# glider instructors question



## weiss (15 Dec 2007)

This is question to stuff mostly.  I know air cadets in BC continiously having trouble finding glider instructors.  Funny thing is - I am having trouble finding who is taking applications so to speak.  Can someone please (this board here is the last resort) connect me with the right person?  PM me

thank you kindly

weiss


----------



## Nfld Sapper (15 Dec 2007)

Try asking the Officers in your Flight.


----------



## futuresoldier (15 Dec 2007)

You could start by asking somebody at your sqn. that has completed their glider scholarship, or your Trg O might be able to give you some information on it.


----------



## weiss (15 Dec 2007)

It would have been too easy.  There is no such thing as "my flight", I am not air cadet.


----------



## Roy Harding (15 Dec 2007)

weiss said:
			
		

> It would have been too easy.  There is no such thing as "my flight", I am not air cadet.
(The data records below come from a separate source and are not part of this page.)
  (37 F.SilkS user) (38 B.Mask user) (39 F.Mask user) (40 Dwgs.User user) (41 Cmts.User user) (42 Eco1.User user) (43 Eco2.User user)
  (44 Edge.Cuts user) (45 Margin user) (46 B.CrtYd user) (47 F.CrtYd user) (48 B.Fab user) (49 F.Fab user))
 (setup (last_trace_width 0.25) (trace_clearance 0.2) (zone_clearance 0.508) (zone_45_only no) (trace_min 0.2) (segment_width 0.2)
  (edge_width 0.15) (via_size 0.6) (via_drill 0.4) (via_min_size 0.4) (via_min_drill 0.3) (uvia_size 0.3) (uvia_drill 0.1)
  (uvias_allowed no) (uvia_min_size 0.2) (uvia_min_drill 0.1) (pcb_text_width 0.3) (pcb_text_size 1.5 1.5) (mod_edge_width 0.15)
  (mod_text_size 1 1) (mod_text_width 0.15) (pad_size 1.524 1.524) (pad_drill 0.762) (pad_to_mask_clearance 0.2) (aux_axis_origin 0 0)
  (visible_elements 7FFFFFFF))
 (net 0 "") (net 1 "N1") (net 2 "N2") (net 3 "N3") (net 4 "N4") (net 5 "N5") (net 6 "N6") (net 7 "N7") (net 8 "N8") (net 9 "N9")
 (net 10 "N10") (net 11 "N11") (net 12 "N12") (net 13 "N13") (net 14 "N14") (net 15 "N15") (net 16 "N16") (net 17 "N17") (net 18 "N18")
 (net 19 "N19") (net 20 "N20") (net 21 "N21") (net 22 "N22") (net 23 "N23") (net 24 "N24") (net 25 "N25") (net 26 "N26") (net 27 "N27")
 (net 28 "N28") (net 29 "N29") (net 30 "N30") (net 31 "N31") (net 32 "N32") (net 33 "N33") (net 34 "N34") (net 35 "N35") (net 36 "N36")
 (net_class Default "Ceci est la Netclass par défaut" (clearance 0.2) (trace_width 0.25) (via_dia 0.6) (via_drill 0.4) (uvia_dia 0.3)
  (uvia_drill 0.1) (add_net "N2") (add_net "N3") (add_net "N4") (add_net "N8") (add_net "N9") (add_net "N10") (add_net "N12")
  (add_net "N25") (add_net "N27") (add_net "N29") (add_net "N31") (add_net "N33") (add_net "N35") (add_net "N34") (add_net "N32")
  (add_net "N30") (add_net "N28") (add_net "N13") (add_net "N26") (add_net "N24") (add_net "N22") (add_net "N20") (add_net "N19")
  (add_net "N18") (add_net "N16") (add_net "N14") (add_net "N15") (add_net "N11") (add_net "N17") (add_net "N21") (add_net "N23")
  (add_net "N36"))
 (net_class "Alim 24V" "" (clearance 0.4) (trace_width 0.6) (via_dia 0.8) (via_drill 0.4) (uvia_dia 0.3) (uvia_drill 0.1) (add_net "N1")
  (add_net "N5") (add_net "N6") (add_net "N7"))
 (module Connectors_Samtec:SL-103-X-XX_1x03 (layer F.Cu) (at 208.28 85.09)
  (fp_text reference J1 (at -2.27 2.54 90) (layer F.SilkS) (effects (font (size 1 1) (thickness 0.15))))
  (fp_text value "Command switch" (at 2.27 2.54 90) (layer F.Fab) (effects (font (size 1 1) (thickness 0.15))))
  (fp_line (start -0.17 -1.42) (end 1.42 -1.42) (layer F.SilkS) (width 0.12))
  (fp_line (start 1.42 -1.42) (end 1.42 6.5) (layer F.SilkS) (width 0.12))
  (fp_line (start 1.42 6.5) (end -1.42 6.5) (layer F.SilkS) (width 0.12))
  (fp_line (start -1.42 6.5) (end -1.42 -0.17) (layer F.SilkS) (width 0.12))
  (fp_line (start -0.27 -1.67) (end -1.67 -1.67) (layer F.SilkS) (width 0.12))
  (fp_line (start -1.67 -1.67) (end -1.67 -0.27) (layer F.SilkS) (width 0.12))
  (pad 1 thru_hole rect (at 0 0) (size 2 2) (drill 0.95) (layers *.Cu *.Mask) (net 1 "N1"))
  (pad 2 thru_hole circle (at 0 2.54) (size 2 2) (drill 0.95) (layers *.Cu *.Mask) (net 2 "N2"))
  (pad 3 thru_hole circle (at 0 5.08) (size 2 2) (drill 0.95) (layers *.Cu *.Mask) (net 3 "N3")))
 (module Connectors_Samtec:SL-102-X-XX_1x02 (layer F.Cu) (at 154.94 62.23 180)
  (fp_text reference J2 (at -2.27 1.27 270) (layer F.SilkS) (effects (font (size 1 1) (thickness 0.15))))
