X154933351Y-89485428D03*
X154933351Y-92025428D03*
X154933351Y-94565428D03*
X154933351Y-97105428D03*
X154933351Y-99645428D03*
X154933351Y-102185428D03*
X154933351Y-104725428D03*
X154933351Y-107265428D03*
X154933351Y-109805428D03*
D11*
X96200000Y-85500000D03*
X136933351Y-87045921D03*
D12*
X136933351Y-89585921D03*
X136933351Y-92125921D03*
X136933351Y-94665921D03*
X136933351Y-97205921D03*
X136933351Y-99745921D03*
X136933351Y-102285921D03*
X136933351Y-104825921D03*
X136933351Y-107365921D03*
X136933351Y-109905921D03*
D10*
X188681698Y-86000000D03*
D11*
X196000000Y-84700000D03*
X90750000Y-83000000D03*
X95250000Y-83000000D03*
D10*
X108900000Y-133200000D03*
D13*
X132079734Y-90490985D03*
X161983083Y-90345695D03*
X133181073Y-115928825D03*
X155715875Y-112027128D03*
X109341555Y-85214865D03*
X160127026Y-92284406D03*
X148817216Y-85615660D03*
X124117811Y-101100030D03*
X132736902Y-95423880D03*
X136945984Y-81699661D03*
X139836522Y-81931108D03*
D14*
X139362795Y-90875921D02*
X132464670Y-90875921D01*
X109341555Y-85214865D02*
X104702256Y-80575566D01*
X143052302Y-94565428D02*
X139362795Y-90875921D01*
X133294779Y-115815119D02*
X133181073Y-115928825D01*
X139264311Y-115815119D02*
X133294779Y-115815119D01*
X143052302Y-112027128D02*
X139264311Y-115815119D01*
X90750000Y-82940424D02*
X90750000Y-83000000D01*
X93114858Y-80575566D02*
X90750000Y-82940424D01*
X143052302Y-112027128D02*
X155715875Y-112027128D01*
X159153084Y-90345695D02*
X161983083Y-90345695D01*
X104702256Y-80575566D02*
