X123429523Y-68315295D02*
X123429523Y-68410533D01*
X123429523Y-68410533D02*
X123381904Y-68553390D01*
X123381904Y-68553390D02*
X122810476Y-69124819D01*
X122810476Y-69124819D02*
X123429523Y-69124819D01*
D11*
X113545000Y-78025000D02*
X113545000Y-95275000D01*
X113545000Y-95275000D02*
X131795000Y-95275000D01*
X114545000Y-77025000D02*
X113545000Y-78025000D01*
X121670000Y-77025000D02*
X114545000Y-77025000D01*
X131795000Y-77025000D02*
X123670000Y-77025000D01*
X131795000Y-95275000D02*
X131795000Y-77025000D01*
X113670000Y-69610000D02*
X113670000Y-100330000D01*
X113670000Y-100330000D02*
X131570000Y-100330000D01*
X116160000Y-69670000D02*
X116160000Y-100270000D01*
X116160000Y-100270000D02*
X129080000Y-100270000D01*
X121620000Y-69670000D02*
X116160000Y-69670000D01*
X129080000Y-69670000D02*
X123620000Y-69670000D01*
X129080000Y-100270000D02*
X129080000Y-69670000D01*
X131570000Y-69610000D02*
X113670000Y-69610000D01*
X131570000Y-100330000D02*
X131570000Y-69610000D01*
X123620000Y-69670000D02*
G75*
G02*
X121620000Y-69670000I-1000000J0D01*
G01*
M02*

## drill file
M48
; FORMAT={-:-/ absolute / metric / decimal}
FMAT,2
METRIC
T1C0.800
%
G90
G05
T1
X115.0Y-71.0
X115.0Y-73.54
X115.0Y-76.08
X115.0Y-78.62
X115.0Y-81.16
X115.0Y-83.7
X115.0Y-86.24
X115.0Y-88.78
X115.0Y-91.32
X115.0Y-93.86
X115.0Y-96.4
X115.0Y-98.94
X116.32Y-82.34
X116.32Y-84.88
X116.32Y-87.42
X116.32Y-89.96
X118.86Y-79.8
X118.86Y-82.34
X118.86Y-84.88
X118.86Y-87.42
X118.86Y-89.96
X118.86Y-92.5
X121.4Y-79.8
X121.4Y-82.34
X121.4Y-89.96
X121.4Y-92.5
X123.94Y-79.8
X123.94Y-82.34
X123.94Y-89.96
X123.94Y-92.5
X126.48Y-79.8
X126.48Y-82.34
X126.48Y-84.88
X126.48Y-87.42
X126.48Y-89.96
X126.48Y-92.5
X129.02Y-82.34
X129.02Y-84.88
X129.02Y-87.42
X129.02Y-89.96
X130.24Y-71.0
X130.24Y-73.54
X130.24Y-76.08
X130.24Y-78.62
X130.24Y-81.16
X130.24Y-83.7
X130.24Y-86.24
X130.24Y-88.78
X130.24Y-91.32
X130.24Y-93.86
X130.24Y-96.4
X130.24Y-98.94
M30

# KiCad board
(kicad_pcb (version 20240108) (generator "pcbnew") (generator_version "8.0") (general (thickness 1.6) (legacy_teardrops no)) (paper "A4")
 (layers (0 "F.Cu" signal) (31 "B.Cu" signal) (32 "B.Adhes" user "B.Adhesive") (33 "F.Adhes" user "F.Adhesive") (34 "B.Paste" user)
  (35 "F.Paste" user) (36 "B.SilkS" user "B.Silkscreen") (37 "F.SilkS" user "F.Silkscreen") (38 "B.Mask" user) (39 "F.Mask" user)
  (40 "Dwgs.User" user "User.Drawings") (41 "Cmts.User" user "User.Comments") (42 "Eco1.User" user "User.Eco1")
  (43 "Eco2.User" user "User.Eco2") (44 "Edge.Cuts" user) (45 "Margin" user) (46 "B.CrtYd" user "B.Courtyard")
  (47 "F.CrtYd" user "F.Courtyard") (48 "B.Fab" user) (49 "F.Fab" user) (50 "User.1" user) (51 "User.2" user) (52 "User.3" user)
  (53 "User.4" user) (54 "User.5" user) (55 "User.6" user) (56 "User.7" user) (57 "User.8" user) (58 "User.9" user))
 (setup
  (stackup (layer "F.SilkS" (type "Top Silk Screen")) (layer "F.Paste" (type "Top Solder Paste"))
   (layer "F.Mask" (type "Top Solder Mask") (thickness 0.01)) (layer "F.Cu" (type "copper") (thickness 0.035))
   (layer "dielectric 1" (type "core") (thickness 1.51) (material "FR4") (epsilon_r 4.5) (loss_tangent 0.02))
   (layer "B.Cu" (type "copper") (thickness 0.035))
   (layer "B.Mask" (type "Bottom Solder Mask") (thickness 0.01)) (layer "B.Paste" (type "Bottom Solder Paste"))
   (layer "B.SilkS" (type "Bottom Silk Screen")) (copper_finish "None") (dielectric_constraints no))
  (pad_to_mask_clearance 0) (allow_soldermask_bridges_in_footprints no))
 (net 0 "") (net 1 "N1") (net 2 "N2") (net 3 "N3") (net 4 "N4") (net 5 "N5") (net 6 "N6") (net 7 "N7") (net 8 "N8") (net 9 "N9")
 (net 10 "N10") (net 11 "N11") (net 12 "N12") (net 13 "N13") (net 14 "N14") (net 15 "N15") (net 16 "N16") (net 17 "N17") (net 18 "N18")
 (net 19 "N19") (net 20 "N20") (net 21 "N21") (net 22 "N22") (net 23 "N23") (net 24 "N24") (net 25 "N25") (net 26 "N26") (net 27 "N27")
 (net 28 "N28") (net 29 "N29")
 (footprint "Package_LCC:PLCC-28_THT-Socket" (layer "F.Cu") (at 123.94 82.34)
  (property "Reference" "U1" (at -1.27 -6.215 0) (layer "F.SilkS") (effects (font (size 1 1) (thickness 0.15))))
Then go visit the local Air Cadet Squadron.  They may not have the answer (like me), but they may have the contacts necessary to GET you the answer.

Your post WAS in the Cadet/CIC thread - it's natural to assume you are a Cadet.



Roy


----------



## bartbandyrfc (15 Dec 2007)

Assuming you are a gliding instructor already, or an experienced glider pilot who can qualify quickly, you will need to contact the Regional Cadet Air Operations Officer in the province where you live.  I believe the Regional Cadet Air Ops O in BC works at Comox.  They will inform you of their needs.  By the way, most instructor positions in the spring and fall are unpaid. Only the summer camps and certain positions at the gliding zones are paid positions.

I would not be surprised if they told you that they have no shortage of gliding instructors. Many young cadets move up through the qualifications and become instructors within the cadet system.  It's a free way to fly, so there is usually no shortage of raw material.

Cheers.


----------



## futuresoldier (15 Dec 2007)

This might help answer your question:

http://www.cadets.ca/_docs/cato-oaic/5205_b.pdf

Also you can scroll down and find this:
    





> f.   Regional Gliding School (RGS) Establishments.  These are composed
> of officers who are employed to meet the regional gliding
> training needs of Air Cadets.



http://www.admfincs.forces.gc.ca/admfincs/subjects/cfao/049-06_e.asp


----------



## catalyst (15 Dec 2007)

www.cadets.net/pac/rgs

They would be the ones to contact.


----------



## weiss (15 Dec 2007)

Catalyst thank you, I couldn't find that particular page for some reason.  I guess I have got all I needed.


----------